Reggora, an appraisal software company that is modernizing residential real estate valuation, announced the successful completion of its $30 million Series B funding round led by returning investor Spark Capital, a venture capital firm responsible for early-stage funding of numerous successful startups including Twitter, Wayfair, Plaid, and Slack. The round also featured contributions from returning investors Boston Seed and 1984. New investors included Shine Capital and Greenpoint Partners, among others. This financing brings the total capital raised by the company to more than $45 million; the current round will be used to support technology and engineering investments that will further scale the company.

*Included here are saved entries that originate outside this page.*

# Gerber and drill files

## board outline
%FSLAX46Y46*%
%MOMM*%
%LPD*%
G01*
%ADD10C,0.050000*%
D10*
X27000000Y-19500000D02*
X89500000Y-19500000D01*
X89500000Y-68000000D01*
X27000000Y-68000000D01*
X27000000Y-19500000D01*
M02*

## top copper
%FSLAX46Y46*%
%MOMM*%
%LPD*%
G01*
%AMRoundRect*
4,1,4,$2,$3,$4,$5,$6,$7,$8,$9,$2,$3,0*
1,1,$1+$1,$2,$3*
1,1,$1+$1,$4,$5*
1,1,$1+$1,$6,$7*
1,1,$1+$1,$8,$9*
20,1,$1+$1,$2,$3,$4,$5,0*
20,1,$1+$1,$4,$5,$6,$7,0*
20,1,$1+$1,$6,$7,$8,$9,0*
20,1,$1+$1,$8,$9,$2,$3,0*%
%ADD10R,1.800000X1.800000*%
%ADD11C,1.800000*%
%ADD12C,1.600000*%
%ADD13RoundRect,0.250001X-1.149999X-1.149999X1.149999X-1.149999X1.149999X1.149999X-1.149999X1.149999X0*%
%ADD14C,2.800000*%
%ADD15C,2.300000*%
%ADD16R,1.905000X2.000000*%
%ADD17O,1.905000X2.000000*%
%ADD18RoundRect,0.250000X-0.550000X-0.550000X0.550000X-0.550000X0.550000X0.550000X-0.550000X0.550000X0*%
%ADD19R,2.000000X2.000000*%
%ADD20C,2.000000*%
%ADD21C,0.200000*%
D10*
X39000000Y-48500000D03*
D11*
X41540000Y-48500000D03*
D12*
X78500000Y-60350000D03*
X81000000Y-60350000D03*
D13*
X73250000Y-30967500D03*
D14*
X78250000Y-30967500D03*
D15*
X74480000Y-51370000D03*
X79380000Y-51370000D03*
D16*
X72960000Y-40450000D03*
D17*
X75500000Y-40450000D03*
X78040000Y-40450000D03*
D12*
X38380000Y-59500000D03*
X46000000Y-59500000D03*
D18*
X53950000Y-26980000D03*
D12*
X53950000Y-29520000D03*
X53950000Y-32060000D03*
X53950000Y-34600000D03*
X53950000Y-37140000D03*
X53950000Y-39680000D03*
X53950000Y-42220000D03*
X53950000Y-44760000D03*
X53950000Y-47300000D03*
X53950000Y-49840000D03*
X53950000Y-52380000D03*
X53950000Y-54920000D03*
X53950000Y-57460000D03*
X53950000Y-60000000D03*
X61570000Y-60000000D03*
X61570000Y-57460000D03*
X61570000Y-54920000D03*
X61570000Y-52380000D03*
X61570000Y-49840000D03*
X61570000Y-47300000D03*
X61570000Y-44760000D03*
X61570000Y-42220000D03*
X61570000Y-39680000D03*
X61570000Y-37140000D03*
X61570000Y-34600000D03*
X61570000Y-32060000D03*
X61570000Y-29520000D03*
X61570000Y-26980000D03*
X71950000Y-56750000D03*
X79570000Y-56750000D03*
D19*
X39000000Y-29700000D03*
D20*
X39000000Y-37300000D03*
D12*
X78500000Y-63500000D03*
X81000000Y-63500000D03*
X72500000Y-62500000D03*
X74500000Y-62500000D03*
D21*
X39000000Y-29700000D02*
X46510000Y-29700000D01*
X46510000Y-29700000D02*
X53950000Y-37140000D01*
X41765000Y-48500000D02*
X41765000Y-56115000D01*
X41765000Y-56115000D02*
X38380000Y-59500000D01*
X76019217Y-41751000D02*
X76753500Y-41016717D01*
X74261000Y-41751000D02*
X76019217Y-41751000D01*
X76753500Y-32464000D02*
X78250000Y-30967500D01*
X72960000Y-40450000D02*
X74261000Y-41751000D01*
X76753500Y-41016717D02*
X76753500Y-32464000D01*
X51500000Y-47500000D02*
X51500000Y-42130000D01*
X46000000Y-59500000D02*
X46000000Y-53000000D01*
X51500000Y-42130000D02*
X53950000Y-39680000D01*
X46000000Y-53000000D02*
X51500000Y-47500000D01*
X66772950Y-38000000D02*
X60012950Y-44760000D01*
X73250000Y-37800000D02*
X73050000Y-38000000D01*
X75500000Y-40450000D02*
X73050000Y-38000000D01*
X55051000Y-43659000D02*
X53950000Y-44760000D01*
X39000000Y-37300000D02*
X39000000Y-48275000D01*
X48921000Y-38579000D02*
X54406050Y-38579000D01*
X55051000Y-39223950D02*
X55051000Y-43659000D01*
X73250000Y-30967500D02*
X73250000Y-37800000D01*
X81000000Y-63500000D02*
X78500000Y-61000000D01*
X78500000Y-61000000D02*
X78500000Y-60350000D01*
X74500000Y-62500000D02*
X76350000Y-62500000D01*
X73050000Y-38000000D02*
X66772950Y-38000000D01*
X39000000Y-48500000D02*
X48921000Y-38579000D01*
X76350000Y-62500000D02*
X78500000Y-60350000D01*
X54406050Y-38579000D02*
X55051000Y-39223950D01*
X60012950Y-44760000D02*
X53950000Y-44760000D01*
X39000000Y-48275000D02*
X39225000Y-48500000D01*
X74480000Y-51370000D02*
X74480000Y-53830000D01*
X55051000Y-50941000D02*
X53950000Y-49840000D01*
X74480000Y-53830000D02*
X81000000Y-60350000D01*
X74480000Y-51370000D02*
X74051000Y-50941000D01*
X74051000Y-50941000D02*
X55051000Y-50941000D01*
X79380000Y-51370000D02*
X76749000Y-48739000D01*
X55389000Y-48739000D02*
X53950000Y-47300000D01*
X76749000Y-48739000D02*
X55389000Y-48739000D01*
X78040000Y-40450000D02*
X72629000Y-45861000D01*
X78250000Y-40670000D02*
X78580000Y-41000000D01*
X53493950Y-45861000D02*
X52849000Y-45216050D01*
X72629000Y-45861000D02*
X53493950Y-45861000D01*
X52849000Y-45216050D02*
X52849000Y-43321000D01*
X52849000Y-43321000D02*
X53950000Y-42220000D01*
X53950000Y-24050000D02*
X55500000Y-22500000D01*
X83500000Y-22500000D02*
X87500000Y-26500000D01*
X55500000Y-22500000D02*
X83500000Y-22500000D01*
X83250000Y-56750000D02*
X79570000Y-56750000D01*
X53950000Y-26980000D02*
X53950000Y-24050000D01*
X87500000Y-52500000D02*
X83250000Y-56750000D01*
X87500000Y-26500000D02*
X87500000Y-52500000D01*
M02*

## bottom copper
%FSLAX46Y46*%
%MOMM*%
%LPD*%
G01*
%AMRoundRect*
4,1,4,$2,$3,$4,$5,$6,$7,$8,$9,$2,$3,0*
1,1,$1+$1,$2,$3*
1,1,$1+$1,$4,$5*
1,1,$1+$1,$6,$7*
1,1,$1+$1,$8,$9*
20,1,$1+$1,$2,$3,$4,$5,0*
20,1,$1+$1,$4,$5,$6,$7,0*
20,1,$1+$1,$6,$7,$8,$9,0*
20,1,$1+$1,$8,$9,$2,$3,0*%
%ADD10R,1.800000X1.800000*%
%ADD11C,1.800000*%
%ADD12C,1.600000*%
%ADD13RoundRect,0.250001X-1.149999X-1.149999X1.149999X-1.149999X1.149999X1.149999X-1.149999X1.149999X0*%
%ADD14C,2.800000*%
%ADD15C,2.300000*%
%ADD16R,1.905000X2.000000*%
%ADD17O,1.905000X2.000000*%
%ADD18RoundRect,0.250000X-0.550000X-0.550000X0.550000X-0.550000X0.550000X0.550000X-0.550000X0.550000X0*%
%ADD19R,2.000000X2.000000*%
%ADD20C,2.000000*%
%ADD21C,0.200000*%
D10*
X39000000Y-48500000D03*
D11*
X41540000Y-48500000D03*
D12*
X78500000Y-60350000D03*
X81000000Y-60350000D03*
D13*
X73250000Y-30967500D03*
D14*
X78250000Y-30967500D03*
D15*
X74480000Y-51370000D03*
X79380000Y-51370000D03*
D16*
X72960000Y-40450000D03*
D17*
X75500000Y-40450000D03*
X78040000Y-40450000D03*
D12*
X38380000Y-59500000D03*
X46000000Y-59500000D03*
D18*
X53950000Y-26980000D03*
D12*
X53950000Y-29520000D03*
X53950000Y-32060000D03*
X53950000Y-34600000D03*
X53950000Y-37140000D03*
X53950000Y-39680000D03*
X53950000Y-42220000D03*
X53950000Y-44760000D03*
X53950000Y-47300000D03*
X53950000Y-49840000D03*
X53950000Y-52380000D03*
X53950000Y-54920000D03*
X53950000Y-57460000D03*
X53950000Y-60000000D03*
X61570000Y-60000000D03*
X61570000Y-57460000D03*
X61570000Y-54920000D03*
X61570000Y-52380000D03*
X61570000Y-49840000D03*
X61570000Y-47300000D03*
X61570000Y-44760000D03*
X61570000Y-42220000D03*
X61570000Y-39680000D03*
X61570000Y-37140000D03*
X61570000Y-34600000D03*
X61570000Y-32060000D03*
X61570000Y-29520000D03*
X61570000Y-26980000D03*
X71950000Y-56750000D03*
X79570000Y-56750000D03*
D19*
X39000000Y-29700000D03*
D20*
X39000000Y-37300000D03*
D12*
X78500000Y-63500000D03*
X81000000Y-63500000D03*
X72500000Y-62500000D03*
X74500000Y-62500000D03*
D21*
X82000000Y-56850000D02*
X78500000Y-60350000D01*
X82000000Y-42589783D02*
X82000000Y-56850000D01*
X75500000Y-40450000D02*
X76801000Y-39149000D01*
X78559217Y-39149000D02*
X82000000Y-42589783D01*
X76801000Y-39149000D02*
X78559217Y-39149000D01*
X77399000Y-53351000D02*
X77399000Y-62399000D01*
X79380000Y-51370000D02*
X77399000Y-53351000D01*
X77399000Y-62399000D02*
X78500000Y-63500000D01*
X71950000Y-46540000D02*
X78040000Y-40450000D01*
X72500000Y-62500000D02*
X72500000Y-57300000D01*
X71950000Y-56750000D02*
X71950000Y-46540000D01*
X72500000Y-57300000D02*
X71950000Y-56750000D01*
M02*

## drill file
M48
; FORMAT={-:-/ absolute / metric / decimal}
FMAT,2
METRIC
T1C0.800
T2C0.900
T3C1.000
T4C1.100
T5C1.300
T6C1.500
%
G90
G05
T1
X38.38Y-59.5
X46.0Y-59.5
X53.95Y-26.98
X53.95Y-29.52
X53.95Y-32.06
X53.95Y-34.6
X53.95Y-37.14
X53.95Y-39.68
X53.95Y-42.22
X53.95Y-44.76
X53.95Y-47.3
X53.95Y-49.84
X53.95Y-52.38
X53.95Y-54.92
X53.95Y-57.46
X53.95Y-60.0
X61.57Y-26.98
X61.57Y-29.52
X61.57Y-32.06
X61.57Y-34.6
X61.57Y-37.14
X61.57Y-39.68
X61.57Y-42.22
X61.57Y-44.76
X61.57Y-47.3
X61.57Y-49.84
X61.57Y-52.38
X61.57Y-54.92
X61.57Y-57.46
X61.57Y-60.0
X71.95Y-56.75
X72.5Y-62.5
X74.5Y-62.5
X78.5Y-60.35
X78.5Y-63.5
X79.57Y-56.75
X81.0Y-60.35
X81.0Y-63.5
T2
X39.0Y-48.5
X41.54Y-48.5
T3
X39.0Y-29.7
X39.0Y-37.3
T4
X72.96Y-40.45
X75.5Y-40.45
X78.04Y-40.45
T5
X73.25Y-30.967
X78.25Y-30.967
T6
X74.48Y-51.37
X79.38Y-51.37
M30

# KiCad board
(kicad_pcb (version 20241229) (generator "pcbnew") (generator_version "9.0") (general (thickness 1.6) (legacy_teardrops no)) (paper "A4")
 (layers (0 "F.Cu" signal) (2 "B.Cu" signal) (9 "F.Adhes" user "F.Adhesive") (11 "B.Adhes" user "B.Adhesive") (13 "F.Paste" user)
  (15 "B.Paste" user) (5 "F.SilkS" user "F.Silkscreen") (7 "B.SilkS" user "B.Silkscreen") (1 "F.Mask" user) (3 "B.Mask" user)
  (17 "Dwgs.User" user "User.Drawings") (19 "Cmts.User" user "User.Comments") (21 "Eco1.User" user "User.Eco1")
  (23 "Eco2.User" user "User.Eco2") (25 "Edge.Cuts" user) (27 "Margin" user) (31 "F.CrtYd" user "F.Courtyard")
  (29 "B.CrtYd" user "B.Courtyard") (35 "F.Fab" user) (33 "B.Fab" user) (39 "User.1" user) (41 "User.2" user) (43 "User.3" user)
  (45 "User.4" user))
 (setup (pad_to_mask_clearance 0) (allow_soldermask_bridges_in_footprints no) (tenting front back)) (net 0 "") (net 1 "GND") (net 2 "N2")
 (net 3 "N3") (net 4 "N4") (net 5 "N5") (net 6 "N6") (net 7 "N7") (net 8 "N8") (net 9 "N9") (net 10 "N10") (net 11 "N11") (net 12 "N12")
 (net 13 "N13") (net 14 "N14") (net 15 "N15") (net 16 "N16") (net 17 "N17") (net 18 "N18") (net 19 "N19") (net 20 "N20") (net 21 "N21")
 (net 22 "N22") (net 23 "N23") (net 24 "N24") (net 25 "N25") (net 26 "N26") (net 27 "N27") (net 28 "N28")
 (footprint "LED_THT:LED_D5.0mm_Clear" (layer "F.Cu") (at 39 48.5)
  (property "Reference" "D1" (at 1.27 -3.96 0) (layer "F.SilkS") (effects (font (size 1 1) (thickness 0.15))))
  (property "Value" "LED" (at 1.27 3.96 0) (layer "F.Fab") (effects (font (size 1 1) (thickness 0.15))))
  (pad "1" thru_hole rect (at 0 0) (size 1.8 1.8) (drill 0.9) (layers "*.Cu" "*.Mask") (remove_unused_layers no) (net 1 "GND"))
  (pad "2" thru_hole circle (at 2.54 0) (size 1.8 1.8) (drill 0.9) (layers "*.Cu" "*.Mask") (remove_unused_layers no) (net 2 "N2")))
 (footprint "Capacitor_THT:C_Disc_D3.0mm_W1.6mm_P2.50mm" (layer "F.Cu") (at 78.5 60.35)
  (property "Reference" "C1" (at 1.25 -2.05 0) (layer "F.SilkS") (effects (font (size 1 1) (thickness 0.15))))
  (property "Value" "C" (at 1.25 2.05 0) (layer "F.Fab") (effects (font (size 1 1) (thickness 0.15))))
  (pad "1" thru_hole circle (at 0 0) (size 1.6 1.6) (drill 0.8) (layers "*.Cu" "*.Mask") (remove_unused_layers no) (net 1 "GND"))
  (pad "2" thru_hole circle (at 2.5 0) (size 1.6 1.6) (drill 0.8) (layers "*.Cu" "*.Mask") (remove_unused_layers no) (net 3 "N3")))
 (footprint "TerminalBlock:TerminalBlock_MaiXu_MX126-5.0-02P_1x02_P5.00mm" (layer "F.Cu") (at 73.25 30.9675)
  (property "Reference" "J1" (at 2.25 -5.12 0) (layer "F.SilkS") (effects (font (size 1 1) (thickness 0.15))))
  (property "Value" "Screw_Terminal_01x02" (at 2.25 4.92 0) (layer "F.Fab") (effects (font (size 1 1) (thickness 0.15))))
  (pad "1" thru_hole roundrect (at 0 0) (size 2.8 2.8) (drill 1.3) (layers "*.Cu" "*.Mask") (remove_unused_layers no)
   (roundrect_rratio 0.089286) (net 1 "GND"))
  (pad "2" thru_hole circle (at 5 0) (size 2.8 2.8) (drill 1.3) (layers "*.Cu" "*.Mask") (remove_unused_layers no) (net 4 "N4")))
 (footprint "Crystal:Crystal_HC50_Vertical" (layer "F.Cu") (at 74.48 51.37)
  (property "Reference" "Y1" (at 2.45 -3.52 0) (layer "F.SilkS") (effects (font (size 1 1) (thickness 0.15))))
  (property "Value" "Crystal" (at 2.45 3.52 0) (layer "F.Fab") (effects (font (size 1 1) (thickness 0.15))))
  (pad "1" thru_hole circle (at 0 0) (size 2.3 2.3) (drill 1.5) (layers "*.Cu" "*.Mask") (remove_unused_layers no) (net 3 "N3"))
  (pad "2" thru_hole circle (at 4.9 0) (size 2.3 2.3) (drill 1.5) (layers "*.Cu" "*.Mask") (remove_unused_layers no) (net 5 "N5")))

Brace has raised $15.7 million in Series B funding to “accelerate our mission of providing a new generation of mortgage servicing software. This latest round, led by Canvas Ventures, brings our total funding to over $30 million, and will be used to continue Brace’s investment in delivering an end-to-end mortgaging servicing platform. Brace is proud to have built a compliant, user-friendly digital solution that meets the needs of all of our constituents: borrowers, servicers, and investors.
SimpleNexus has received a follow-on investment of $108 million in Series B funding led by global venture-capital and private-equity firm Insight Partners as demand for the tech company’s digital mortgage platform soars. With the support of Insight Partners, its vision to hone the entire home buying journey from the borrower’s first contact with a Realtor to the closing table and beyond; SimpleNexus plans to transform the homeownership journey into a seamlessly connected experience.
Getting older? Remember, life is not a dress rehearsal.